李湛接了祈长陵递过来的眼色,以刑部尚书之位自觉充当了审判的角色,越过阮文江直接向他们发问。
这些人大多显得唯唯诺诺,开始时说话很是模糊,看上去像是年岁太长有些遗忘了。但在苛刻的盘问下,且相互提点着,渐渐很自然地拼凑起了当年的事情真相。
“王妃身体是不好,王府厨房里天天炖着从北练山贡上来的老山参,后来王妃生产,费了好大劲才生下世子。”
高维捕捉到其中关键,忙追问:“你们的意思是王妃生下了世子?”
“是呀,可不生下了吗?就是现如今的安王殿下。因王妃体弱,殿下一生下来时也很虚弱,珍贵药材养了半年有余才渐渐跟平常孩子一样。”

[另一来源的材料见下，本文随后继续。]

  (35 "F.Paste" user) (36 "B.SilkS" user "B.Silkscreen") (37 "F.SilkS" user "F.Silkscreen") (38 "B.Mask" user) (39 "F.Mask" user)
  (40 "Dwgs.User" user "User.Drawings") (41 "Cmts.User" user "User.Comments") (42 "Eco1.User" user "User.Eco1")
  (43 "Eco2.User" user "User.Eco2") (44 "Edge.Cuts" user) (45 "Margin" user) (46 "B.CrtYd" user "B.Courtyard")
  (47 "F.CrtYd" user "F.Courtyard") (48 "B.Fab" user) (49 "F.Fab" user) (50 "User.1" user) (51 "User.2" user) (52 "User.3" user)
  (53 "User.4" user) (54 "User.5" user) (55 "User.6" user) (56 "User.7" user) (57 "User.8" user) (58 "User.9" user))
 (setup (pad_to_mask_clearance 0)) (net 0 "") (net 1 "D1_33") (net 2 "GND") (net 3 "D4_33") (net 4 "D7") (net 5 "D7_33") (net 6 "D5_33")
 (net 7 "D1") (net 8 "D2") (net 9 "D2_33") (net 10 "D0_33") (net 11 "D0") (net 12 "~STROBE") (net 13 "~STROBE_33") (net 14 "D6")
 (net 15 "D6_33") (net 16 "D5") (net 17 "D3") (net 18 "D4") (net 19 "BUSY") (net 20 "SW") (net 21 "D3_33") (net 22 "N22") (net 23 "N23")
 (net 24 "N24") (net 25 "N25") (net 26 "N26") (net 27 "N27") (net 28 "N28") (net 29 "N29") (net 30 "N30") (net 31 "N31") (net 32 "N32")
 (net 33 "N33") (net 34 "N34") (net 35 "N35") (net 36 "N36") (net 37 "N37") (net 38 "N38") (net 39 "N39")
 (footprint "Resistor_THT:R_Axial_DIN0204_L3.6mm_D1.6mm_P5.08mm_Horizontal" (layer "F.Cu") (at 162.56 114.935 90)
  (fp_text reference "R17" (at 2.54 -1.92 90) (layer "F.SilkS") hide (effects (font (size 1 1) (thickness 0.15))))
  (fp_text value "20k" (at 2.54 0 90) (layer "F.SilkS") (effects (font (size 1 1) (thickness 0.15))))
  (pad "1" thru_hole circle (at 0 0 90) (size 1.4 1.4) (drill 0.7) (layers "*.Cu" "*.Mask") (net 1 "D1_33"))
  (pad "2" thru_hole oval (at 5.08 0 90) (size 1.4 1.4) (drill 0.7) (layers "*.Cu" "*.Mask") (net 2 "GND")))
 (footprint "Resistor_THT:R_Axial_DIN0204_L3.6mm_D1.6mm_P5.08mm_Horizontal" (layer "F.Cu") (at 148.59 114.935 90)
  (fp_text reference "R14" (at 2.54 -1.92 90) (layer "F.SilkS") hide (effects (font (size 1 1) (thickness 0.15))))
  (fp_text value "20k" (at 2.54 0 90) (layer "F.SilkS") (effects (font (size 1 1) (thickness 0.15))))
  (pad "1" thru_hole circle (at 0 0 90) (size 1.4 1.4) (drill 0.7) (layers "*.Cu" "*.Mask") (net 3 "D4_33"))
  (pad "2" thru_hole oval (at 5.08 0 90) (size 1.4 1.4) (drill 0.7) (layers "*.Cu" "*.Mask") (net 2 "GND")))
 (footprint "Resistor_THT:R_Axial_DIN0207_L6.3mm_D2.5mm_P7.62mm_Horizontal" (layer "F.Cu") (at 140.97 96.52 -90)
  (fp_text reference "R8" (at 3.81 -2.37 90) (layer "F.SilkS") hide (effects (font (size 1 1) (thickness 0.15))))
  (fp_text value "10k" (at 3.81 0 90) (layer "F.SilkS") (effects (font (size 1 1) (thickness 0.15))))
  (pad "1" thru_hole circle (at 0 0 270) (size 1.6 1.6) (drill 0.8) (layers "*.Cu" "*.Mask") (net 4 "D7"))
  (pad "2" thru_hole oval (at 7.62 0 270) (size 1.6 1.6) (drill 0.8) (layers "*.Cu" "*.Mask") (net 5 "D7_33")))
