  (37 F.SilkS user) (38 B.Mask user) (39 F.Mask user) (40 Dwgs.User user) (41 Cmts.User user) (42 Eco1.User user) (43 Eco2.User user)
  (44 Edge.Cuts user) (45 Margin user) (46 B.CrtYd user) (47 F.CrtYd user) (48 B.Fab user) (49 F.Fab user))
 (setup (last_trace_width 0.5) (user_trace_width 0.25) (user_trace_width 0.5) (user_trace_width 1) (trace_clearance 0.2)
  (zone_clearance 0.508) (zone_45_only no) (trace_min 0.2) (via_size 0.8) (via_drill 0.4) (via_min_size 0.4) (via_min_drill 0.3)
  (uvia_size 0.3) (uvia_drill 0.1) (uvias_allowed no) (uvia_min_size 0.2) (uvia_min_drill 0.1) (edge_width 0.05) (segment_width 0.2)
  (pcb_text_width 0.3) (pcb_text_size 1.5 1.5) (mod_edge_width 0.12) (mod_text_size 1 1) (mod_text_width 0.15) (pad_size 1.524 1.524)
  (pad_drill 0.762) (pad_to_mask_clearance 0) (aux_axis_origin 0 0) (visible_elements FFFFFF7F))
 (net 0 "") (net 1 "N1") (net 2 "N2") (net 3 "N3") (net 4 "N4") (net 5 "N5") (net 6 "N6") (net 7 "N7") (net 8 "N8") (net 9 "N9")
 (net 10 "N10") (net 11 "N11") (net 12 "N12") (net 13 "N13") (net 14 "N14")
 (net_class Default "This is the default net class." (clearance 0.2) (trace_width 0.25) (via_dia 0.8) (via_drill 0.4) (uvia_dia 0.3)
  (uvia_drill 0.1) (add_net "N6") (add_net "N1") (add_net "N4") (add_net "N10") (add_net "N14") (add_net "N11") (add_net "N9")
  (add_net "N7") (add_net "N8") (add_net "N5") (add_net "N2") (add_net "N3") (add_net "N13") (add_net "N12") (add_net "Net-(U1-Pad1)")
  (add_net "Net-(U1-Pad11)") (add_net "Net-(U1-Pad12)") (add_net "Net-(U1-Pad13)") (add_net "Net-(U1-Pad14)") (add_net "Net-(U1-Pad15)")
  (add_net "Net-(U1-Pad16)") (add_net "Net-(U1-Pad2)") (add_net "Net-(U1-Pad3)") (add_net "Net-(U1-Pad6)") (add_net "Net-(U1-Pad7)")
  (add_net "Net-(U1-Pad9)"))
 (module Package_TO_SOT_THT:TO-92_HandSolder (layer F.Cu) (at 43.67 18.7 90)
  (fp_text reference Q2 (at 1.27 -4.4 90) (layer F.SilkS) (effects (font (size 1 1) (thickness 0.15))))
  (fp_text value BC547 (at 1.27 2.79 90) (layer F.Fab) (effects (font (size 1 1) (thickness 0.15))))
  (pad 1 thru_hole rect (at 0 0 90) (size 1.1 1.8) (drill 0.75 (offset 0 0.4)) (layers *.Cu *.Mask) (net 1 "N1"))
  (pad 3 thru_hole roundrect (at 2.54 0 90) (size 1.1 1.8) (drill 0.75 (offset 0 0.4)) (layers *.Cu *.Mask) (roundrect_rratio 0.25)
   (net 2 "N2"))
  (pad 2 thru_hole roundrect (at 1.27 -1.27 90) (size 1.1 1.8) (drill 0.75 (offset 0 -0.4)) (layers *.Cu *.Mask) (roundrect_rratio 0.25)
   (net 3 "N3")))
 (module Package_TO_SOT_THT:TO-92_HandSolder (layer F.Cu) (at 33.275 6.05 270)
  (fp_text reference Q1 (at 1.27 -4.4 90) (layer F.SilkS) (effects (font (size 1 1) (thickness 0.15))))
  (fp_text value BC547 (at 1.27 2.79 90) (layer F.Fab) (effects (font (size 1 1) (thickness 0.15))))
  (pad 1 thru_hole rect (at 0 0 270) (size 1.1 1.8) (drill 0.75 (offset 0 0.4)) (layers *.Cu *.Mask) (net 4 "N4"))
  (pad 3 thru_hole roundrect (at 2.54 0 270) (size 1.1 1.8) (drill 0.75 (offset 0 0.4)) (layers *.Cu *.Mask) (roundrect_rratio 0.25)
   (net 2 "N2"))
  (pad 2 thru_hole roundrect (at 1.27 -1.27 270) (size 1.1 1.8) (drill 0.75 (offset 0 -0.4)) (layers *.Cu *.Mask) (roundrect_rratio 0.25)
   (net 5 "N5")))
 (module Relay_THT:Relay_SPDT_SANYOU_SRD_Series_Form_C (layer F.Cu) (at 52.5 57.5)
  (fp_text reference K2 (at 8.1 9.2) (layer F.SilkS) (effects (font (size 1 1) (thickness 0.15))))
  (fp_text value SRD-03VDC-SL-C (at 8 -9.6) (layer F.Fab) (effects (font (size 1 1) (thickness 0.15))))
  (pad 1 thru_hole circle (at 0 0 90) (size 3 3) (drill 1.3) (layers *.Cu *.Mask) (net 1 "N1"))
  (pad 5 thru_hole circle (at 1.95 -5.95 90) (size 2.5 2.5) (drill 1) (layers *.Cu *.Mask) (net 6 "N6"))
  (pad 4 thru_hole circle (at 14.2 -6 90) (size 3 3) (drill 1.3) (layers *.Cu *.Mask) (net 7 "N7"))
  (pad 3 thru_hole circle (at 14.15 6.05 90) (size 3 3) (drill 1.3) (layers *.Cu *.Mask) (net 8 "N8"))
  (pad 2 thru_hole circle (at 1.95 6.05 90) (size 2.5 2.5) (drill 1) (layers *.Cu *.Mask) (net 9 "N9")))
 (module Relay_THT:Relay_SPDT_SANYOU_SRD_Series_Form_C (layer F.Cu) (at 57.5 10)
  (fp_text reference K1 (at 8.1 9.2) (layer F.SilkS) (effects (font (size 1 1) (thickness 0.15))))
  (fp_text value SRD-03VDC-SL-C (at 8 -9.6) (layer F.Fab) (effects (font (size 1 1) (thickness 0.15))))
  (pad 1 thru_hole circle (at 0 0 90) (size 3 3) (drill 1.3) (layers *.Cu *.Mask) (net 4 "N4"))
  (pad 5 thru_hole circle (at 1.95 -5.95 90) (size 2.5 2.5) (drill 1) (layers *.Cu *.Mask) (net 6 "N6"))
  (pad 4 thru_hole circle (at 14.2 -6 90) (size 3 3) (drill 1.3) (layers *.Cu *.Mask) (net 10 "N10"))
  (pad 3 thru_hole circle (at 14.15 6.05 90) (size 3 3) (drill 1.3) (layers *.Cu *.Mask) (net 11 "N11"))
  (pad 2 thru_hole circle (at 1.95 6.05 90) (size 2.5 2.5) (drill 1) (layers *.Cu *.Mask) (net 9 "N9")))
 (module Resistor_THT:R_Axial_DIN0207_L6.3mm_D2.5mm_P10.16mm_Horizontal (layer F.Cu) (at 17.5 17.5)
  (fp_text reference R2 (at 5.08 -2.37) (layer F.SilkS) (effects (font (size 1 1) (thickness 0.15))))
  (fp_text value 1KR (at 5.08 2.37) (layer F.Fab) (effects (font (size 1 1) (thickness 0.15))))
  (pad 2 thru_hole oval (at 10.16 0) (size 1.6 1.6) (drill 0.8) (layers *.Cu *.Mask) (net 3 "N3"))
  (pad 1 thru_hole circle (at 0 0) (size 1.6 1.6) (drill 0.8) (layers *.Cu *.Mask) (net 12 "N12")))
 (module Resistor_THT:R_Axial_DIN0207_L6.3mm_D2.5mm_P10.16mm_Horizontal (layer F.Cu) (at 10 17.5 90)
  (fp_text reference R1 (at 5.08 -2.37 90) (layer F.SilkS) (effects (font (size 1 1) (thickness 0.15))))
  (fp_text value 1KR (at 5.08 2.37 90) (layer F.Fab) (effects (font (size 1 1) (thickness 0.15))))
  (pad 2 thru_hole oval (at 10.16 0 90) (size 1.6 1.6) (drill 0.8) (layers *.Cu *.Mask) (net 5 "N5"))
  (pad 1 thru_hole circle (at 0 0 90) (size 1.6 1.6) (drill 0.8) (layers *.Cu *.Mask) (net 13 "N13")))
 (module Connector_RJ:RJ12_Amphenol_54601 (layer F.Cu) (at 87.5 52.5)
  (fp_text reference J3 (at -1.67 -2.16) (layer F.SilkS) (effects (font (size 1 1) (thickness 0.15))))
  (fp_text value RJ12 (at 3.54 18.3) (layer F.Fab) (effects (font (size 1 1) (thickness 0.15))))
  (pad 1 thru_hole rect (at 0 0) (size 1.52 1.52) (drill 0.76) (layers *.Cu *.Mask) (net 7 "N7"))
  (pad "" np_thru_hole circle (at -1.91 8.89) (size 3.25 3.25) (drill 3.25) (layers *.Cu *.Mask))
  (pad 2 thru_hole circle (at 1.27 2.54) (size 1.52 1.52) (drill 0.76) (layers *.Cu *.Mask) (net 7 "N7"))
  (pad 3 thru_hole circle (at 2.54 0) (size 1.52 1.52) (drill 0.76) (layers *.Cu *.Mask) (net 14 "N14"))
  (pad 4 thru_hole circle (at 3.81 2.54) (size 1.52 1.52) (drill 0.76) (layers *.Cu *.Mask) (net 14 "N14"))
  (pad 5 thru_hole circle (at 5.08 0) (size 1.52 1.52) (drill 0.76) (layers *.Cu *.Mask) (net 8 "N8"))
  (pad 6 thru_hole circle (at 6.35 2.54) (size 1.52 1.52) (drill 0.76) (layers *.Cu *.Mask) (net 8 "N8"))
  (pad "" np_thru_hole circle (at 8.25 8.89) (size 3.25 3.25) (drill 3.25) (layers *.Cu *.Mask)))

那厢去太医院取旧档的内侍已回来了,方太医忙把档案接过来,捋顺着条目翻看着,倏然从中间抽出几张脉案,向着御座高举:“这是当年臣去安王府看疾时写下的脉案,王妃气血盈亏,需仔细调理,臣开了药,药方也在这里面。这与方才这些王府旧人所说,经常在厨房里炖老山参也对得上,孕妇气虚亏损时以参补气是极佳的方法。”